Les infractions poursuivies sont donc toutes constituées tant à l'encontre de Monsieur Didier A, président directeur général de la SA Etablissements A. Terroir, mais aussi à l'encontre de la personne morale pour le compte de laquelle il les a commises.
La cour considère que les peines d'amende ordonnées par les premiers juges permettent de sanctionner des procédés industriels déloyaux et trompeurs pour les consommateurs, avec une partie assortie du sursis qui tient compte de l'absence d'antécédents des personnes condamnées.
La cour confirme donc le jugement entrepris en toutes ses dispositions.
Dispositif : LA COUR, Statuant publiquement et par arrêt contradictoire à l'égard de Didier A et de la SA Établissements A. Terroir prise en la personne de son représentant légal ; "Reçoit Didier A, la SA Établissements A. Terroir prise en la personne de son représentant légal et le Ministère public en leur appel respectif ; "Confirme le jugement entrepris en toutes ses dispositions ; "Le président a averti les condamnés que si dans le délai de 5 ans à compter du prononcé de cette peine, ils commettaient à nouveau un crime ou un délit suivi d'une nouvelle condamnation sans sursis, cette dernière condamnation entraînera l'exécution de la présente condamnation avec sursis, sans confusion possible.

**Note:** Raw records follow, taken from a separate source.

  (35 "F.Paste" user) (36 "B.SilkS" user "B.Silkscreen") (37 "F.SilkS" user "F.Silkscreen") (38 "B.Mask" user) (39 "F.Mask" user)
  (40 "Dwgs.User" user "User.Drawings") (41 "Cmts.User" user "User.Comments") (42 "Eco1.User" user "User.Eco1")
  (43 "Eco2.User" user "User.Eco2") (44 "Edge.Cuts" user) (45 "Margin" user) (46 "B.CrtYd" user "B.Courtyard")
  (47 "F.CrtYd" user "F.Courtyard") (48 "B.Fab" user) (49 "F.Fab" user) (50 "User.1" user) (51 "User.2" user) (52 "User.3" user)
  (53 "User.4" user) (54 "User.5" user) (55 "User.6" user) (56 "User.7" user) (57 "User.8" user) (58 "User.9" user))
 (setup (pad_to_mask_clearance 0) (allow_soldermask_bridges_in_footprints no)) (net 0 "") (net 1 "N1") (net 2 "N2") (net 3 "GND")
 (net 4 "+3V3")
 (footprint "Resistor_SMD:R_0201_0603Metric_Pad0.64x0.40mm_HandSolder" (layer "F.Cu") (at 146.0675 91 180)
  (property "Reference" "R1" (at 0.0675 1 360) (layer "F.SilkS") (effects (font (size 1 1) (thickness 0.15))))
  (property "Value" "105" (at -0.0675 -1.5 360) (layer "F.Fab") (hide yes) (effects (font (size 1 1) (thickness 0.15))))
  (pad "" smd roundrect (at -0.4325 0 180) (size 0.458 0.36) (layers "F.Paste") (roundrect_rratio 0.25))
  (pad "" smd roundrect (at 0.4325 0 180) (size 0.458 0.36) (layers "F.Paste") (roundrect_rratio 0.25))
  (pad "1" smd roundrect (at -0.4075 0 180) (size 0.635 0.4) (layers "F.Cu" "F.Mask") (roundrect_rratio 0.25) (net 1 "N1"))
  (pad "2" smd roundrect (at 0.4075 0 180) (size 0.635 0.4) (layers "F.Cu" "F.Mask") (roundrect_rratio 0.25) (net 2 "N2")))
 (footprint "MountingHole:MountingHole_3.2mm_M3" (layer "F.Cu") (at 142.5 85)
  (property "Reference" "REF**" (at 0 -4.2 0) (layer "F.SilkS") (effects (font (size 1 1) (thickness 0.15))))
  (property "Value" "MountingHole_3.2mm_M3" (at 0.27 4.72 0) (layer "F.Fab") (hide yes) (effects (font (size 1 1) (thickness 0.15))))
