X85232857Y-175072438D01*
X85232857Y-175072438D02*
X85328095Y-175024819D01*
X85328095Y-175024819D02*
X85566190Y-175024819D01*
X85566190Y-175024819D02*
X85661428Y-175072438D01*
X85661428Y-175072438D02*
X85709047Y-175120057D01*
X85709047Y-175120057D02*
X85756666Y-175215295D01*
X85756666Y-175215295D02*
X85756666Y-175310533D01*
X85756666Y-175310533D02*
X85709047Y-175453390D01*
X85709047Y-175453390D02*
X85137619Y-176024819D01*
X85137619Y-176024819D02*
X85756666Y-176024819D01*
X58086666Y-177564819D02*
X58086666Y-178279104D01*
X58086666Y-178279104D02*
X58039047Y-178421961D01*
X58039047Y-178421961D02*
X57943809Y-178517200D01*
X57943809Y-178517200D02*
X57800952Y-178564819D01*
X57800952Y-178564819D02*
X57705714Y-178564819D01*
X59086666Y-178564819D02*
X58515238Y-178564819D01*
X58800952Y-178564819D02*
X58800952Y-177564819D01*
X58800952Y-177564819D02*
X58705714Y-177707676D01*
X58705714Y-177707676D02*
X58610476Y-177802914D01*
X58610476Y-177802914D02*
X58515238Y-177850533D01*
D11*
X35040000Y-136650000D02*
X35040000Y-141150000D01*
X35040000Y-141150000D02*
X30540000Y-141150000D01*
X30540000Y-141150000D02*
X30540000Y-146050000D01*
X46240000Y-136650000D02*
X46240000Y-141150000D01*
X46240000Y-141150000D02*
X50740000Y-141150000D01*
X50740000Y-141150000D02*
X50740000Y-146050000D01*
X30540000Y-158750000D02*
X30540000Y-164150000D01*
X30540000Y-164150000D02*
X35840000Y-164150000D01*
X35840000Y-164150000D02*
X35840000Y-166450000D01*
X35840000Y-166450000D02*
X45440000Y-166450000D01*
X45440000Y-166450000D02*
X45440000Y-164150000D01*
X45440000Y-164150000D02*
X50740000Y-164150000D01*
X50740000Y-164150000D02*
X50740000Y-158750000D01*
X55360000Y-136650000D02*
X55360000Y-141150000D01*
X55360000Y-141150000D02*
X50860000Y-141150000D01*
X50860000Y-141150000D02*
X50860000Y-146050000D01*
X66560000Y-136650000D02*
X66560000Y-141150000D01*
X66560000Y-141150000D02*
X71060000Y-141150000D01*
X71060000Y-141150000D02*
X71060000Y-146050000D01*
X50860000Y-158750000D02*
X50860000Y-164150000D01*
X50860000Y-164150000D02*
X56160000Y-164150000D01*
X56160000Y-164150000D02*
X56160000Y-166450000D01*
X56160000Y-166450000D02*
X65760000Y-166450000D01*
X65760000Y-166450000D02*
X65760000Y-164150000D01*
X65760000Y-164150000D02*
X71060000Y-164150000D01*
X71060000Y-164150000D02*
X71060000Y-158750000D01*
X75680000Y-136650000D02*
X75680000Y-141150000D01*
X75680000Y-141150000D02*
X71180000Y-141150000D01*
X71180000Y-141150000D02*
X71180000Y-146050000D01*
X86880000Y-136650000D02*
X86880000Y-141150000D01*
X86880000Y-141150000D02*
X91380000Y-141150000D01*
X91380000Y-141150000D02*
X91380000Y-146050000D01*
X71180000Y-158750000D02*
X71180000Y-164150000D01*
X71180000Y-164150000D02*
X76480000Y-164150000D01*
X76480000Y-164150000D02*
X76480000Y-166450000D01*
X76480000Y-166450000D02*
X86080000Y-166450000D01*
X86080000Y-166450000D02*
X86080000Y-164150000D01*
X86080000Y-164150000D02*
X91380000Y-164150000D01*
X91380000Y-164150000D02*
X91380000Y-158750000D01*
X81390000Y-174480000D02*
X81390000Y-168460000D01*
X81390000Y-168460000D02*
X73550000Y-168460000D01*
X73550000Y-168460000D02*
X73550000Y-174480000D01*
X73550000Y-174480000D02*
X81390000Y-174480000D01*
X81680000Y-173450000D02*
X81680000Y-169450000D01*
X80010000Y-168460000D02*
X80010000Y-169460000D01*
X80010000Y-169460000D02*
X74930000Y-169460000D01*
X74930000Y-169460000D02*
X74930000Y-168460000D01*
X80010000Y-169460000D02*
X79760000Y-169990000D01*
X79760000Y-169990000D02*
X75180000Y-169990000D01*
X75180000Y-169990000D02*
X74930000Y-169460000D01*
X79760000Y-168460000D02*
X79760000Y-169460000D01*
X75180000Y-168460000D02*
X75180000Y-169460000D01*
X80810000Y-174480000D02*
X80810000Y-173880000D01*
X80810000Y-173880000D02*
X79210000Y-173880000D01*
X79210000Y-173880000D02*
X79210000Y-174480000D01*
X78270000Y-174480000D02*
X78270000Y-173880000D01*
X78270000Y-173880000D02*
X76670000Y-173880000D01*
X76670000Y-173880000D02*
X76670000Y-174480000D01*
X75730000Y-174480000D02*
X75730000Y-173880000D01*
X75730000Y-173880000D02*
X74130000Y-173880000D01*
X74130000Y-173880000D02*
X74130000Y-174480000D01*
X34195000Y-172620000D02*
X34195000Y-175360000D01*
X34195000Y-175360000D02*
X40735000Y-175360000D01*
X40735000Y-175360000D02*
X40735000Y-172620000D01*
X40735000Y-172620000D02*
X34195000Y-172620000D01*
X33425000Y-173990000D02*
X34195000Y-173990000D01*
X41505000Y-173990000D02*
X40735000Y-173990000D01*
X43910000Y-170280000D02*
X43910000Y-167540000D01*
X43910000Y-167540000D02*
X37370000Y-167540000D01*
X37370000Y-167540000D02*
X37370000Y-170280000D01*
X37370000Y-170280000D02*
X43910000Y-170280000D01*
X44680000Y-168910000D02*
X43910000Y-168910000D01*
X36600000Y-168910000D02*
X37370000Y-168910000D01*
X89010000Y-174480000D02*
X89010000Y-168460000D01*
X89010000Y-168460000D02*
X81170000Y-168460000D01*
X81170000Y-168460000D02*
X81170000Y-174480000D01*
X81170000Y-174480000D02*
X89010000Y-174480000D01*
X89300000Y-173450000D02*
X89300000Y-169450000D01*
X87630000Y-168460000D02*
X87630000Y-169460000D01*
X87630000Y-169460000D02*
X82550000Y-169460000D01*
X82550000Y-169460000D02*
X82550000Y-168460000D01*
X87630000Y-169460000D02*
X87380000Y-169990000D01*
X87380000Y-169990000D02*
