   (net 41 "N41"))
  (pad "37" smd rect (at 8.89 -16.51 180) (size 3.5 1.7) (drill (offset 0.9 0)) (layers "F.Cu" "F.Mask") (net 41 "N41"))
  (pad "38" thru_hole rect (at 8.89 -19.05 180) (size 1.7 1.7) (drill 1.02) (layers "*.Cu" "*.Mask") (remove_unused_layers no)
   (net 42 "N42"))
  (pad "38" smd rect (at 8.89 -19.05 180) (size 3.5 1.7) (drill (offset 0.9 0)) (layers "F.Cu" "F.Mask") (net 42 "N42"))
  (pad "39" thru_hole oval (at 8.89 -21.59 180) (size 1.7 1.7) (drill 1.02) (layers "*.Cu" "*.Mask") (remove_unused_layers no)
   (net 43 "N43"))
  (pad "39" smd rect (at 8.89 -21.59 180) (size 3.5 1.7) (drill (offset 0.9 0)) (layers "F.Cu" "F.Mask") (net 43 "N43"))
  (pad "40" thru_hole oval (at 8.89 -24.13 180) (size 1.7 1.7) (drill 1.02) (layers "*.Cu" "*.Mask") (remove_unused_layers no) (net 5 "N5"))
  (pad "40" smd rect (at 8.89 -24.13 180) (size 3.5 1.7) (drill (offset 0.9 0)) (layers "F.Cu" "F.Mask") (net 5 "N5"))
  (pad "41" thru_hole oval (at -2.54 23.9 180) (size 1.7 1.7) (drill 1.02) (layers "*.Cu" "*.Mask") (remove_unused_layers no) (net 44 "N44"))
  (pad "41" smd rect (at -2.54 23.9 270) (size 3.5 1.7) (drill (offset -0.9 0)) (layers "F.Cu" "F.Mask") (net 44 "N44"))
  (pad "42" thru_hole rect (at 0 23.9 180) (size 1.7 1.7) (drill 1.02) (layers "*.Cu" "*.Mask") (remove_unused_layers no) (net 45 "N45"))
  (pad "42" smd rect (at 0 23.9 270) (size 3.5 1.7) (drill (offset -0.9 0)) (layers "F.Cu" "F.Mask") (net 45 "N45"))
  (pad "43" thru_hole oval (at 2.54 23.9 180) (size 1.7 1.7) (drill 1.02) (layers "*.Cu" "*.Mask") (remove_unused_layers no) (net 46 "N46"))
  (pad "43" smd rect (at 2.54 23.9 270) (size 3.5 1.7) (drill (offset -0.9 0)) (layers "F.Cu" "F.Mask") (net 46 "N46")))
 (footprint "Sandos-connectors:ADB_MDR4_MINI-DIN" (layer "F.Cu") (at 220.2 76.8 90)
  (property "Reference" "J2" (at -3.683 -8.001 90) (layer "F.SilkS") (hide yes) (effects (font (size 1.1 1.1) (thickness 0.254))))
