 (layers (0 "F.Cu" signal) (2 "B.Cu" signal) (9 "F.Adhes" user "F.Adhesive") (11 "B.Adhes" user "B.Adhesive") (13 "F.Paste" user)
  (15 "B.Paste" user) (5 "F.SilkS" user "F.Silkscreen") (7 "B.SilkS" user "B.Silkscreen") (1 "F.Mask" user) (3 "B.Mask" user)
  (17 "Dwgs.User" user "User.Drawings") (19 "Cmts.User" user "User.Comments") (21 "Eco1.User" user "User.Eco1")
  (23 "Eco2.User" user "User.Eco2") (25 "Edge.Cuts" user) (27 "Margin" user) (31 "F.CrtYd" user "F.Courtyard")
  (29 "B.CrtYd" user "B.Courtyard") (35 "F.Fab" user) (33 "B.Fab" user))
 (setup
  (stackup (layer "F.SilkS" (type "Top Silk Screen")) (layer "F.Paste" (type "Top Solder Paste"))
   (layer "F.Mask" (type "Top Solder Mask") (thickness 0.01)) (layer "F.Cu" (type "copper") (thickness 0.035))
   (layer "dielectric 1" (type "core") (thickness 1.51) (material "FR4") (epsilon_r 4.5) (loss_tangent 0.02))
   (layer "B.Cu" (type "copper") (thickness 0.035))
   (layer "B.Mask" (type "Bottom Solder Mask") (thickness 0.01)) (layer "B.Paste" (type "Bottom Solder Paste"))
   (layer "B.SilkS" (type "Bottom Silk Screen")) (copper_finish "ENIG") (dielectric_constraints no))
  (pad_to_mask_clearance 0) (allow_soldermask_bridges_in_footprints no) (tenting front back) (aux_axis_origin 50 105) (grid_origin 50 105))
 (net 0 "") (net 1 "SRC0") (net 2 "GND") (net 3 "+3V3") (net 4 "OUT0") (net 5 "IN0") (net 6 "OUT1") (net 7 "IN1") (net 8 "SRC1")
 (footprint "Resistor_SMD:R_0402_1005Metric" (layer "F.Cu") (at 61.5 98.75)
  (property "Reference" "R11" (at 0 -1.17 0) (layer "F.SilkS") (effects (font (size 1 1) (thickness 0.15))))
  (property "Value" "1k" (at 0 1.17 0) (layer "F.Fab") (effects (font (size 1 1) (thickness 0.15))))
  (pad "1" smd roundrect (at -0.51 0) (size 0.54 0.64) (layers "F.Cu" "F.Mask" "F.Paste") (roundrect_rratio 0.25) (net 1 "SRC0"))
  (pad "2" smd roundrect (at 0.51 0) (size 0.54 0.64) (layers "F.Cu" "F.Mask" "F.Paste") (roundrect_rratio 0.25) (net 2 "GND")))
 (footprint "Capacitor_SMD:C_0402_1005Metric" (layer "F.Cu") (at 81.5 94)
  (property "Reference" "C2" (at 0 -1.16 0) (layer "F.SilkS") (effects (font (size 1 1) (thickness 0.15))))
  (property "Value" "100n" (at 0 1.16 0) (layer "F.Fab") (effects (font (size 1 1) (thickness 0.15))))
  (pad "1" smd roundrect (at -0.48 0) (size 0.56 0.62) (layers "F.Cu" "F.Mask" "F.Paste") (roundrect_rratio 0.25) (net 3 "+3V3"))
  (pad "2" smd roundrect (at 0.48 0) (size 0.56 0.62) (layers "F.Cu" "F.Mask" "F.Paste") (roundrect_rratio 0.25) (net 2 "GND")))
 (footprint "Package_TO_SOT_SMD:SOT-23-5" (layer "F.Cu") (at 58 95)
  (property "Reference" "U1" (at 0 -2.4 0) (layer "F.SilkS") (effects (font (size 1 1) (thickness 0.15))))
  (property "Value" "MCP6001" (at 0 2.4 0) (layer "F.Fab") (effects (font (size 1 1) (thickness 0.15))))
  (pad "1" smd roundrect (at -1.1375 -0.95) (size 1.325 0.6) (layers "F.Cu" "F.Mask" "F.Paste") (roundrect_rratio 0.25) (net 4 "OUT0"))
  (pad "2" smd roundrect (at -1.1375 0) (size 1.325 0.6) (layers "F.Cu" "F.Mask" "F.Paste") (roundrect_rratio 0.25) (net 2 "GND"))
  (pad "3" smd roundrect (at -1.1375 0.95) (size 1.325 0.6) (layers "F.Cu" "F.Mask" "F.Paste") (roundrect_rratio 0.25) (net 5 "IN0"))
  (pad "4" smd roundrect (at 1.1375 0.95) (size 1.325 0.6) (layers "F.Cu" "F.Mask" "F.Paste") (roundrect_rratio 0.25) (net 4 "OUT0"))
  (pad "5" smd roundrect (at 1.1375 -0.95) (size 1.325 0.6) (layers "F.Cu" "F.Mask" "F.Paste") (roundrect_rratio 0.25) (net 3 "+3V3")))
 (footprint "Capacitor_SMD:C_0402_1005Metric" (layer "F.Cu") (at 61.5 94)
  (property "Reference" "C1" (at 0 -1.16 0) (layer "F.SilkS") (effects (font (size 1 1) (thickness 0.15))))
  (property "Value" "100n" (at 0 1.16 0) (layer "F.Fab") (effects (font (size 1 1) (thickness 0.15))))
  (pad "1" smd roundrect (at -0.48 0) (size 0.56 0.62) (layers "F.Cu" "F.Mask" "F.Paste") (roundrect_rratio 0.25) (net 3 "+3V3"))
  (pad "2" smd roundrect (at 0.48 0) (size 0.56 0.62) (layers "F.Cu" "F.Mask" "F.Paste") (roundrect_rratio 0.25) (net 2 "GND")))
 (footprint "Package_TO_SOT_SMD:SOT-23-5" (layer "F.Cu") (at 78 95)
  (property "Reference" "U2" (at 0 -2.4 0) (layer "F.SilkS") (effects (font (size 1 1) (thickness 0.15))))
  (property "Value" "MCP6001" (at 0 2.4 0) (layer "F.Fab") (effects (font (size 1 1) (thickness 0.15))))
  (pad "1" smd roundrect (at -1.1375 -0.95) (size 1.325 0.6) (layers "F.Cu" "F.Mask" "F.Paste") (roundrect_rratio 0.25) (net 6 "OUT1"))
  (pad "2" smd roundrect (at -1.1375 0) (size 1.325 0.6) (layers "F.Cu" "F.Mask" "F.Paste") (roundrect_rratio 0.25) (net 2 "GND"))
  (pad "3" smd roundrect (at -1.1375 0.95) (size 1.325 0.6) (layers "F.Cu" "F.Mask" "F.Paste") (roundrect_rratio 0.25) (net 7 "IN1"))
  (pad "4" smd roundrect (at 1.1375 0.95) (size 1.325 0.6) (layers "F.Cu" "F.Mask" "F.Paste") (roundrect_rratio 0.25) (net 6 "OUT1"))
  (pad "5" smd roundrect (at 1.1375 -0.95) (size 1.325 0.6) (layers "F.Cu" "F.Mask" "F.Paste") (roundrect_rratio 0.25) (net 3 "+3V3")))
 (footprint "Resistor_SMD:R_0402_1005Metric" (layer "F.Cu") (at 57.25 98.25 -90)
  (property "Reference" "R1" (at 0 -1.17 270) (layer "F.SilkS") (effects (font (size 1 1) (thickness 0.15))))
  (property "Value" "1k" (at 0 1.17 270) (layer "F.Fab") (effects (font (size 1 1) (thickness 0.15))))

A l'inverse en l'absence dans le même délai, de nouvelle condamnation de cette nature, la présente condamnation sera réputée non avenue ; "La présente décision est assujettie à un droit fixe de procédure d'un montant de 120 euro dont est redevable chacun des condamnés ; "Le président avertit les condamnés que, s'ils s'acquittent du montant de l'amende et du droit fixe dans le délai d'un mois dans les conditions posées par l'article 707-2 ou l'article R55-1 du Code de procédure pénale, ce montant sera diminué de 20 % sans que cette diminution puisse excéder 1 500 euros ; "Le président informe les condamnés que le paiement de l'amende ne fait pas obstacle à l'exercice des voies de recours.